Data Cleaning and Preparation
Lesson 4: Data Cleaning and Preparation
Once we understand the dataset structure, the next step is to clean and prepare the data so it can be used reliably for analysis. Real-world sales data often contains missing values and incorrect data types, which can lead to wrong results if not handled properly.
The first part of data cleaning focuses on handling missing values. In this project, some address-related columns contain missing entries. Instead of removing rows, we fill these missing values with meaningful defaults to keep the dataset complete.
Code to handle missing values:
# Fill ADDRESSLINE2 with empty string
df['ADDRESSLINE2'] = df['ADDRESSLINE2'].fillna('')
# Fill STATE with 'Unknown'
df['STATE'] = df['STATE'].fillna('Unknown')
# Fill POSTALCODE with '00000'
df['POSTALCODE'] = df['POSTALCODE'].fillna('00000')

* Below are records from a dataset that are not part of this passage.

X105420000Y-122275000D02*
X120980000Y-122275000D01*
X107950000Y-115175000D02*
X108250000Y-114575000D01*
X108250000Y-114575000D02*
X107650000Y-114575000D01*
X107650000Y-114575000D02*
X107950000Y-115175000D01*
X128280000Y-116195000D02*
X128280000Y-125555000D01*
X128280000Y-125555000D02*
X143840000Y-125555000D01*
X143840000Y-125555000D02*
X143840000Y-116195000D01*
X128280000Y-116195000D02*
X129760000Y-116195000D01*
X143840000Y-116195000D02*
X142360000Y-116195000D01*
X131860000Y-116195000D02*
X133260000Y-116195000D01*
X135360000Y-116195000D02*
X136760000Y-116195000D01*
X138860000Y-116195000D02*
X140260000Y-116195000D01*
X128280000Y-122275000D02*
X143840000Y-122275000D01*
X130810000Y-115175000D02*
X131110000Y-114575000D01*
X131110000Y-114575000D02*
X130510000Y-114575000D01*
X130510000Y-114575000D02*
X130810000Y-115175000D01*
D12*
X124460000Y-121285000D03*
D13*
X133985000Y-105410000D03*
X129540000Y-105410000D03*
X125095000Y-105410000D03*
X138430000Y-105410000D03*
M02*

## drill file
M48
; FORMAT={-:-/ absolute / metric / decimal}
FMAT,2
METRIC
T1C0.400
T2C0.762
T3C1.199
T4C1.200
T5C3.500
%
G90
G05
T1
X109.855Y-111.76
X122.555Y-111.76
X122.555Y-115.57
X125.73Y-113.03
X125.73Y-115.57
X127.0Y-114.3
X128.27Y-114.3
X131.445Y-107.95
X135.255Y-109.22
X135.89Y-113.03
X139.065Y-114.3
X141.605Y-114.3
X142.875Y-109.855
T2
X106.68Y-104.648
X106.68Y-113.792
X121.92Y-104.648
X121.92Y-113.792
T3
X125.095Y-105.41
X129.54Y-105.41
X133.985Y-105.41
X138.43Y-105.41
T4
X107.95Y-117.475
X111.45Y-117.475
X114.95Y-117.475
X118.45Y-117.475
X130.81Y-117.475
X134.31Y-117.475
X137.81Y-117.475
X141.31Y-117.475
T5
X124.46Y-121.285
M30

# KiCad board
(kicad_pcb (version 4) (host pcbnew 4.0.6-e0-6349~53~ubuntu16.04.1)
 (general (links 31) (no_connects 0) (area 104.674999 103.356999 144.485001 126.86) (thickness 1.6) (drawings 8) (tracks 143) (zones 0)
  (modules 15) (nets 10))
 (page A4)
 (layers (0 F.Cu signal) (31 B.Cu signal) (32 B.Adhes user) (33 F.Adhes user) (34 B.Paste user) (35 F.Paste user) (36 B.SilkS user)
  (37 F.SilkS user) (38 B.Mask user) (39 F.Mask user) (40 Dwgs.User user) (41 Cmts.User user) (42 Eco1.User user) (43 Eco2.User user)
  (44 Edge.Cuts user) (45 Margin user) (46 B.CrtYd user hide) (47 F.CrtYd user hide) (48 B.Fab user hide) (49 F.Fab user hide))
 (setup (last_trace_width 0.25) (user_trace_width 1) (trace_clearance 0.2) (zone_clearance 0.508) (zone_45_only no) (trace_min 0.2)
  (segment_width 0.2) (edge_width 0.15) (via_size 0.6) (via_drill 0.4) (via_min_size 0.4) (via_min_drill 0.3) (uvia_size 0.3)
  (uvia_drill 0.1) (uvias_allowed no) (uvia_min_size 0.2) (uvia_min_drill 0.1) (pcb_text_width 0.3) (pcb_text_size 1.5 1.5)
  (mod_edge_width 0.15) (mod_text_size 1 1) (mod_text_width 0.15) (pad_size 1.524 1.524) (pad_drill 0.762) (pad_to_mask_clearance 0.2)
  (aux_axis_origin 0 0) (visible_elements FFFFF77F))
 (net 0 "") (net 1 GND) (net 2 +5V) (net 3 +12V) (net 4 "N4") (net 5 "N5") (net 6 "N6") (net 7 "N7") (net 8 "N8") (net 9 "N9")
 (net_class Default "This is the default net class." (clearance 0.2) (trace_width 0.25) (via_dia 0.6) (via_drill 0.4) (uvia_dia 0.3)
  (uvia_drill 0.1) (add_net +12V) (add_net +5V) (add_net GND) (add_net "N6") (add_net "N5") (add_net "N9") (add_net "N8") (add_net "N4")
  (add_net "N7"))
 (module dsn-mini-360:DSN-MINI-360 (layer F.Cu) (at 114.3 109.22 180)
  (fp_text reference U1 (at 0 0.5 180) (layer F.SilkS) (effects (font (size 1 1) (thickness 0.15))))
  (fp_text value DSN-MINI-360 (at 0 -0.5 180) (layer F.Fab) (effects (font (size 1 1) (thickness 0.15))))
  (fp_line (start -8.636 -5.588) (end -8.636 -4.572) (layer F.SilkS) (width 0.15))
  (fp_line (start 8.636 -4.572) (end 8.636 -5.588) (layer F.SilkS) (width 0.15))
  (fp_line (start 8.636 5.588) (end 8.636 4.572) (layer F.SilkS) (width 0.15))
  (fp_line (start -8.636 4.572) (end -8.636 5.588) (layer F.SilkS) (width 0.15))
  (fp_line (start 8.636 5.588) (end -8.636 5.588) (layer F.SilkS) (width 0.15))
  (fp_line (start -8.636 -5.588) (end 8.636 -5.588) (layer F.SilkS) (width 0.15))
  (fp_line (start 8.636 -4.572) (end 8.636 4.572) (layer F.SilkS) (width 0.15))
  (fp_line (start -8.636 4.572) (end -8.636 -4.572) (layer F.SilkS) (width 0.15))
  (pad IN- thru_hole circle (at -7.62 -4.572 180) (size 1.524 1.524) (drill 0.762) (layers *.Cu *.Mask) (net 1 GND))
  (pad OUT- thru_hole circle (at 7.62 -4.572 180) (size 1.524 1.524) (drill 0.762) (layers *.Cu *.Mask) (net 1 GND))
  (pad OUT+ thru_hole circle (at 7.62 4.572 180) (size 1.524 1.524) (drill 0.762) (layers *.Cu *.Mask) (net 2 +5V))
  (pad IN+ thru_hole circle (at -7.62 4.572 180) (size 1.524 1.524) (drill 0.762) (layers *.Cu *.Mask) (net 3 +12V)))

# Fill TERRITORY with 'Not Assigned'
df['TERRITORY'] = df['TERRITORY'].fillna('Not Assigned')
Next, we convert important columns to the correct data types. Dates are converted to datetime format, and numeric columns are converted to numeric types. This step is essential for performing calculations, grouping, and time-based analysis.
Code to convert data types:
df['ORDERDATE'] = pd.to_datetime(df['ORDERDATE'], errors='coerce')

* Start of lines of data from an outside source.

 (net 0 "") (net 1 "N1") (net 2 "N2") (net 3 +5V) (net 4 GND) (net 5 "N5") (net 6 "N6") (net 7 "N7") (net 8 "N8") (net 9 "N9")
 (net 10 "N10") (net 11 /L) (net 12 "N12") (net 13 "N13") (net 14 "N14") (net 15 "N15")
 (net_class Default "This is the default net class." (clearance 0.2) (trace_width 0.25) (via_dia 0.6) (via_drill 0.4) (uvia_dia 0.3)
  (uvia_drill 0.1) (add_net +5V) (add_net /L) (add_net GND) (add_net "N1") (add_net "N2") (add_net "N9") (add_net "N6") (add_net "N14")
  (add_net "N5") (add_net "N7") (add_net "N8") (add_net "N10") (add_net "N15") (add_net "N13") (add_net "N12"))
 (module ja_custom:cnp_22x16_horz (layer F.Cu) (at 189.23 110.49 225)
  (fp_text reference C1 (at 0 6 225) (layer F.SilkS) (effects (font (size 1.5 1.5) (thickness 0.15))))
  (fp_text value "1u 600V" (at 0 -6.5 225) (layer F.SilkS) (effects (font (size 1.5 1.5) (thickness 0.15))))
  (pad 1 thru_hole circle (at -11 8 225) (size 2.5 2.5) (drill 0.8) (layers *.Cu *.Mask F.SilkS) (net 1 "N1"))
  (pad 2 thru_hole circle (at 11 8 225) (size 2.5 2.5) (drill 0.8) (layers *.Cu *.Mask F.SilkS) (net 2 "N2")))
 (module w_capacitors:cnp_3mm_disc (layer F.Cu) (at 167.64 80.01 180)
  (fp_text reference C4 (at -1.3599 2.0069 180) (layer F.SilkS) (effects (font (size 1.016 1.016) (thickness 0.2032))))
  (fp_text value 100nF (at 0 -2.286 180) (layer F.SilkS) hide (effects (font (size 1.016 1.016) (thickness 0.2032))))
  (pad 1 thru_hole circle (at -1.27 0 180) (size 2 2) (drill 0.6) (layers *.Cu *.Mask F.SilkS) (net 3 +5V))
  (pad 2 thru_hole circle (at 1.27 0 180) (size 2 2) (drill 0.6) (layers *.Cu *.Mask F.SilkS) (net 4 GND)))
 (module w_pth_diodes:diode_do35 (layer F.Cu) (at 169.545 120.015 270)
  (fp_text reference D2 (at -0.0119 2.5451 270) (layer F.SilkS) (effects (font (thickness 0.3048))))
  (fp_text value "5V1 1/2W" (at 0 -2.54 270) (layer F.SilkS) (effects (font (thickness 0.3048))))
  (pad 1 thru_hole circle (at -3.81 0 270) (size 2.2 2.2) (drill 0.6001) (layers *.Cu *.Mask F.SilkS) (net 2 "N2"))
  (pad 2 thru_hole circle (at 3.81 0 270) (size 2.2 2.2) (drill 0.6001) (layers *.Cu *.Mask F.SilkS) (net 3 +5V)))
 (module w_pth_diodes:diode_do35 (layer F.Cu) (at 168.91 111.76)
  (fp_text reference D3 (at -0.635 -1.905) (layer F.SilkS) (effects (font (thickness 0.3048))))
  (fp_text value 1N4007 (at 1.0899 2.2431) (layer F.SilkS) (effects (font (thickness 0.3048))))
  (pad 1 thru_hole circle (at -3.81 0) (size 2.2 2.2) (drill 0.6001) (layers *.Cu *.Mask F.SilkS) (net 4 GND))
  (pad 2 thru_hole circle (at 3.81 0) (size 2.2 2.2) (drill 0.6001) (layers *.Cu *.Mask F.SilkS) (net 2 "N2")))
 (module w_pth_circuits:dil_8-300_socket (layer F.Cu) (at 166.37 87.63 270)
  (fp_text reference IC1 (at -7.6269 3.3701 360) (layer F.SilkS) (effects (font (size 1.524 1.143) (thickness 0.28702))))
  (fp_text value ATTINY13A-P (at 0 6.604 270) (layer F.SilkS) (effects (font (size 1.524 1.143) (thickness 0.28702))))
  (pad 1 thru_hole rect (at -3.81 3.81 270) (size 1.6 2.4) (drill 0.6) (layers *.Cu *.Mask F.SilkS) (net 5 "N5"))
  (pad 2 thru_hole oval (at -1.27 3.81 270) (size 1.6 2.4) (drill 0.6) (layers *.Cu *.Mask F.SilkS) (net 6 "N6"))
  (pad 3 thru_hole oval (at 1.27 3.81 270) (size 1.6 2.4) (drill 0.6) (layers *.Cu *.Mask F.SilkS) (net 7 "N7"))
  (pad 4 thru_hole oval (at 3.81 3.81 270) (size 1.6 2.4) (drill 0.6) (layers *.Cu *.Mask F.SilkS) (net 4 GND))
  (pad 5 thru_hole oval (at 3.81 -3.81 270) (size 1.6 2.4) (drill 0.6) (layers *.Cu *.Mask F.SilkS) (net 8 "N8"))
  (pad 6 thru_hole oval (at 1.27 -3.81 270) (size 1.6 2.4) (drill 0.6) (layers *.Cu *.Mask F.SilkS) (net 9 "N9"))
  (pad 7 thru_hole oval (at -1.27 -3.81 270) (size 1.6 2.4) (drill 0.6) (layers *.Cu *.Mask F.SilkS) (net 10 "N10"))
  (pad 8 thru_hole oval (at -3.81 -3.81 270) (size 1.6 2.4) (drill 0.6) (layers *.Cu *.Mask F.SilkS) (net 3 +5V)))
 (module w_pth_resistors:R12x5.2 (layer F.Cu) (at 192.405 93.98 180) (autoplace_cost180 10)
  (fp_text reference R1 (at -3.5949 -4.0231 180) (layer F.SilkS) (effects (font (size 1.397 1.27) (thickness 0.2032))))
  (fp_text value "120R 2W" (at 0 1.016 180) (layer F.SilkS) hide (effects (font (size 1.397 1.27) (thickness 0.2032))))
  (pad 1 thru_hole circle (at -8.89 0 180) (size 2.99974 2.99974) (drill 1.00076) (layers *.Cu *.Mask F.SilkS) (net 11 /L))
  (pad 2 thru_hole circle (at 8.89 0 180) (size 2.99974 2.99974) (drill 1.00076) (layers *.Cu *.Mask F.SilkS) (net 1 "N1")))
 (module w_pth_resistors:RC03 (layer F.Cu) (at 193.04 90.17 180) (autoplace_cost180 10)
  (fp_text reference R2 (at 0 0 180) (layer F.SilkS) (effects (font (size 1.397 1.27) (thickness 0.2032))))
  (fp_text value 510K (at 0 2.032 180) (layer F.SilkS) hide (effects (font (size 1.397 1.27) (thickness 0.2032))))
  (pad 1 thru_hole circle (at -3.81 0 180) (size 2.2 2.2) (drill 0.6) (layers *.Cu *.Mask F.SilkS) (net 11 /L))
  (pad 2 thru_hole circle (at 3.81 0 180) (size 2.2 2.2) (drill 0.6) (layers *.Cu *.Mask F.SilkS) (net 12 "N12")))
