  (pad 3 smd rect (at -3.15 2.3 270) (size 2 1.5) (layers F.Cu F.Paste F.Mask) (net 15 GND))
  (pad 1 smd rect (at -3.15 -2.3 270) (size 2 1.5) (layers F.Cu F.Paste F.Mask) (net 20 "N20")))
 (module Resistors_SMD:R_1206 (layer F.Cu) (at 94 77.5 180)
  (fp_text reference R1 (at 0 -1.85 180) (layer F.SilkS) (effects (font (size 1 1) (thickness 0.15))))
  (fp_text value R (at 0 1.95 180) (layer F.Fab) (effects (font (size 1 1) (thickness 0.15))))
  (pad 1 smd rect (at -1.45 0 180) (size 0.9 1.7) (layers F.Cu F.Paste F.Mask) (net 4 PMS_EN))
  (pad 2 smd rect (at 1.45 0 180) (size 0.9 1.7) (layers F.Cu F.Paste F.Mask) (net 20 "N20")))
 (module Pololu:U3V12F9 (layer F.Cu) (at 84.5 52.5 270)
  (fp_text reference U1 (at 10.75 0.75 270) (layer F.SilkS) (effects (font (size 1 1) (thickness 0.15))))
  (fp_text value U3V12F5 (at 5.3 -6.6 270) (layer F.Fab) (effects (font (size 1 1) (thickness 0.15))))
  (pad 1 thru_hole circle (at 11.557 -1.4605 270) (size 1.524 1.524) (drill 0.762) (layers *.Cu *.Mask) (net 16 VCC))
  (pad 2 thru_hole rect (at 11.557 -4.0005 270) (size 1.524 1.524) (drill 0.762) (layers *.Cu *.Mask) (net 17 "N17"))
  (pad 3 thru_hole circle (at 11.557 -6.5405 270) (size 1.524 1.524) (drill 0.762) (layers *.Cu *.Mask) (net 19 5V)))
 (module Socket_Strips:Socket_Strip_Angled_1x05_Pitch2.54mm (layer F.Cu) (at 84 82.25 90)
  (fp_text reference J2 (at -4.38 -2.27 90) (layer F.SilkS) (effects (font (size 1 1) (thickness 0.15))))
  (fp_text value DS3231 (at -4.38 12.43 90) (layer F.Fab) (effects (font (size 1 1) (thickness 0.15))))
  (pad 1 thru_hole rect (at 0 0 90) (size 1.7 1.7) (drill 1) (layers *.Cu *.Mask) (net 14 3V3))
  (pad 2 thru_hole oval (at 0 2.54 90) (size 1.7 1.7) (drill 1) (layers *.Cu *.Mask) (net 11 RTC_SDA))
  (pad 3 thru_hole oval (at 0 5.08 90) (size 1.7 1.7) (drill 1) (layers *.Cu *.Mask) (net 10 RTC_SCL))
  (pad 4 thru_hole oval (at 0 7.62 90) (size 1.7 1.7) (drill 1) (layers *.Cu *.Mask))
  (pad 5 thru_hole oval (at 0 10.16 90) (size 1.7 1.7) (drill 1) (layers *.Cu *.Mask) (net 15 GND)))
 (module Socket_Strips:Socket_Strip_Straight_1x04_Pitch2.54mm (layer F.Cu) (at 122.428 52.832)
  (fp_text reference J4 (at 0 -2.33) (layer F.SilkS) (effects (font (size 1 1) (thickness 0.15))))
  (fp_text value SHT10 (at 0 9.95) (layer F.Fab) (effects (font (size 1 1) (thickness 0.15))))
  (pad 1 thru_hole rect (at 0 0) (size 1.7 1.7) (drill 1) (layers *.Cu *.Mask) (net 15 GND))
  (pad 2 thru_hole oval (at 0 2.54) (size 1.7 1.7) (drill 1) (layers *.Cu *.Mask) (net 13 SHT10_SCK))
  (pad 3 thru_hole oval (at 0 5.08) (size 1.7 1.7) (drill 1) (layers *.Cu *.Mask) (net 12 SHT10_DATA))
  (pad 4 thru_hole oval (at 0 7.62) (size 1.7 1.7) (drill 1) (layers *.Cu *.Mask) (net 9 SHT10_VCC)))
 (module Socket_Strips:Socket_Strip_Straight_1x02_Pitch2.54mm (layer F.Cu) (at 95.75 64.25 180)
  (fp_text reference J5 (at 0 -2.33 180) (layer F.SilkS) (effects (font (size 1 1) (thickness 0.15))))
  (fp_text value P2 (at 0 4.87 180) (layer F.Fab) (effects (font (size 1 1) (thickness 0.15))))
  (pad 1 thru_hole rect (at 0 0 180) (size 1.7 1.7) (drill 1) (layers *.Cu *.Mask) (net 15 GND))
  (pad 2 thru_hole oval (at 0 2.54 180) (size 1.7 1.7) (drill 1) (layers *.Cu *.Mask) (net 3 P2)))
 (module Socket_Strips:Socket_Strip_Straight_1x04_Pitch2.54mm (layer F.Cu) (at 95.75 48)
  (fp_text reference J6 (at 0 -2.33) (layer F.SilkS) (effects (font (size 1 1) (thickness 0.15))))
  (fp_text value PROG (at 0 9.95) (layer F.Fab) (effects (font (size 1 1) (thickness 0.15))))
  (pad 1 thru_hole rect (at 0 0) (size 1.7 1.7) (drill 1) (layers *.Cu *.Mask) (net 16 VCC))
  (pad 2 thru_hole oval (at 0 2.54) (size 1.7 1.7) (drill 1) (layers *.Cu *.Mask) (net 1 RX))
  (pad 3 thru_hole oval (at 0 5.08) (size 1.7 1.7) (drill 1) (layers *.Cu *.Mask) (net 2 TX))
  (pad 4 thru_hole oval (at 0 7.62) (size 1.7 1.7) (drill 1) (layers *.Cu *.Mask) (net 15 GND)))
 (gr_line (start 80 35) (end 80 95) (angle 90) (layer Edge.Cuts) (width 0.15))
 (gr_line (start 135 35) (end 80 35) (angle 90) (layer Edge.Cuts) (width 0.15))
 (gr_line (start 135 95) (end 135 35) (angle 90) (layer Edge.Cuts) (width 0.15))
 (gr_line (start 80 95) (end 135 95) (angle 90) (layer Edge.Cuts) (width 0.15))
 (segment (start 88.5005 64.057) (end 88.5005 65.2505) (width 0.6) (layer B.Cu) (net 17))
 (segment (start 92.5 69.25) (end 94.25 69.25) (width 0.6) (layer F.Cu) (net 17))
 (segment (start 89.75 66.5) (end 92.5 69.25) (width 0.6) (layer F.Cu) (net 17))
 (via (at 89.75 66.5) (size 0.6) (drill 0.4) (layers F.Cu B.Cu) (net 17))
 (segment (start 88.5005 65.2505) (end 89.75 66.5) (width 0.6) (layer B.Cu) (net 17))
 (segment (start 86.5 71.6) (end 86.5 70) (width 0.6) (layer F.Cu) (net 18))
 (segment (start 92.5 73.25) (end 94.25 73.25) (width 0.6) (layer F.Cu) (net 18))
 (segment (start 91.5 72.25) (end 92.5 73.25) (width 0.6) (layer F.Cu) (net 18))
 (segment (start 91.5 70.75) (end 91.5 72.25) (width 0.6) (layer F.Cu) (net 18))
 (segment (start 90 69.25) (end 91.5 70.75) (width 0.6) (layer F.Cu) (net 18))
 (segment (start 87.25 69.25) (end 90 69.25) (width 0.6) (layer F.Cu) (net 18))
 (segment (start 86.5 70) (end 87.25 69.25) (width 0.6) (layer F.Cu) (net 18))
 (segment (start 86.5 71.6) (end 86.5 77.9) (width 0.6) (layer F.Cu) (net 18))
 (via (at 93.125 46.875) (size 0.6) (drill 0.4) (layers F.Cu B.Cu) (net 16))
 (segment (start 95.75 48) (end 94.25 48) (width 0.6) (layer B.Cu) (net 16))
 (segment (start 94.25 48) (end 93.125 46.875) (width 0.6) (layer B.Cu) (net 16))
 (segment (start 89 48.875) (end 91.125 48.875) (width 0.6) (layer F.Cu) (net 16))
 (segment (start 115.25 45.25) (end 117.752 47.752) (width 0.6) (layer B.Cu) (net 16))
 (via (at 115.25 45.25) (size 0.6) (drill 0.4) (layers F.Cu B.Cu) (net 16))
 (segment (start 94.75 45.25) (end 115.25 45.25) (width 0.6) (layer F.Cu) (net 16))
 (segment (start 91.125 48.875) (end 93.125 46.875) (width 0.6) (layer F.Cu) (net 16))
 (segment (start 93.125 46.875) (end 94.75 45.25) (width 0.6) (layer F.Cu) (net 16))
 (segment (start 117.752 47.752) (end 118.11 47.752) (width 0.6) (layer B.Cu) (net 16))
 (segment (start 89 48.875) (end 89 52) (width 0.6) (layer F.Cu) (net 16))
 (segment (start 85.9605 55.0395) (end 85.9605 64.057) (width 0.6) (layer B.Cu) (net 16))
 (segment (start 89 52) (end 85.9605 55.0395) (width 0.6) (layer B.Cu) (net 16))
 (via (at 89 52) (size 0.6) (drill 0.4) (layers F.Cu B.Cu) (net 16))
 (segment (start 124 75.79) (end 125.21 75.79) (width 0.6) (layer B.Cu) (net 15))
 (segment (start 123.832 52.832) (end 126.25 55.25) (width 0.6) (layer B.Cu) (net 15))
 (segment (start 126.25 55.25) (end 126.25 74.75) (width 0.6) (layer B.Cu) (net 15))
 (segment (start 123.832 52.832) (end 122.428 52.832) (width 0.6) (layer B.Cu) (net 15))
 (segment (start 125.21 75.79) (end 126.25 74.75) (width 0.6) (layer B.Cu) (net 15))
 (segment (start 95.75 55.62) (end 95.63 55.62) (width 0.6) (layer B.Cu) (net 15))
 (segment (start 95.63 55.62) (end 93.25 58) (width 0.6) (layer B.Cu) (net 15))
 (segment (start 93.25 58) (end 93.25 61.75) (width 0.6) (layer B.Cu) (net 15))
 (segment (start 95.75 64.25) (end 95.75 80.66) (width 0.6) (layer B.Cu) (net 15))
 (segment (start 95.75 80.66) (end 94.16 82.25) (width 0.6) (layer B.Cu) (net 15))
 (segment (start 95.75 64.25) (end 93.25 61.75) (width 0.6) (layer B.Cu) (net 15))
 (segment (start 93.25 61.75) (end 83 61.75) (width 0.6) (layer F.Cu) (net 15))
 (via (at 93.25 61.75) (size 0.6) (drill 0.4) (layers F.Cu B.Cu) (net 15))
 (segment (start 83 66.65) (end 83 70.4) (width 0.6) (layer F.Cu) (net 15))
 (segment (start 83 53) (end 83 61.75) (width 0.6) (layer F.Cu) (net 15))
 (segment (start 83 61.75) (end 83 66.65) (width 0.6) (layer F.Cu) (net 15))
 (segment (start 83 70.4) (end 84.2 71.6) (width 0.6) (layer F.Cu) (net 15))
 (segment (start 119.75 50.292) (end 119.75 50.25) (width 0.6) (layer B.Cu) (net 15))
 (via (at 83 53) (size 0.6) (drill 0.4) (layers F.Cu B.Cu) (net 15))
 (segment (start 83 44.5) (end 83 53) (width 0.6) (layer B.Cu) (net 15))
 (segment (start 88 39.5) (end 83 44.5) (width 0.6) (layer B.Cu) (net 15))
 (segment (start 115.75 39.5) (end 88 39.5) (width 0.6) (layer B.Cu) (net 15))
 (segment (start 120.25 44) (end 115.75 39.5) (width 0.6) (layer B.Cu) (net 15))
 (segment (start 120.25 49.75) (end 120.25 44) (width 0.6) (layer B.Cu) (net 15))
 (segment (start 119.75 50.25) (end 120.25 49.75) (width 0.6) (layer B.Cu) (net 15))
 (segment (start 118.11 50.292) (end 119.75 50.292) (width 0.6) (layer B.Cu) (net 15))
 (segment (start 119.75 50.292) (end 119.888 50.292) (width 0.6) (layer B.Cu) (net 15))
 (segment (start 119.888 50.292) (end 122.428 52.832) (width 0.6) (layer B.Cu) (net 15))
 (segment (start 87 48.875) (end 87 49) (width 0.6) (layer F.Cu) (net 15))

df['SALES'] = pd.to_numeric(df['SALES'], errors='coerce')
df['QUANTITYORDERED'] = pd.to_numeric(df['QUANTITYORDERED'], errors='coerce')
df['PRICEEACH'] = pd.to_numeric(df['PRICEEACH'], errors='coerce')
df['MSRP'] = pd.to_numeric(df['MSRP'], errors='coerce')
After cleaning and conversion, the dataset becomes consistent and analysis-ready. This prepared data will now be used for grouping, aggregation, and exploratory analysis in the next lesson.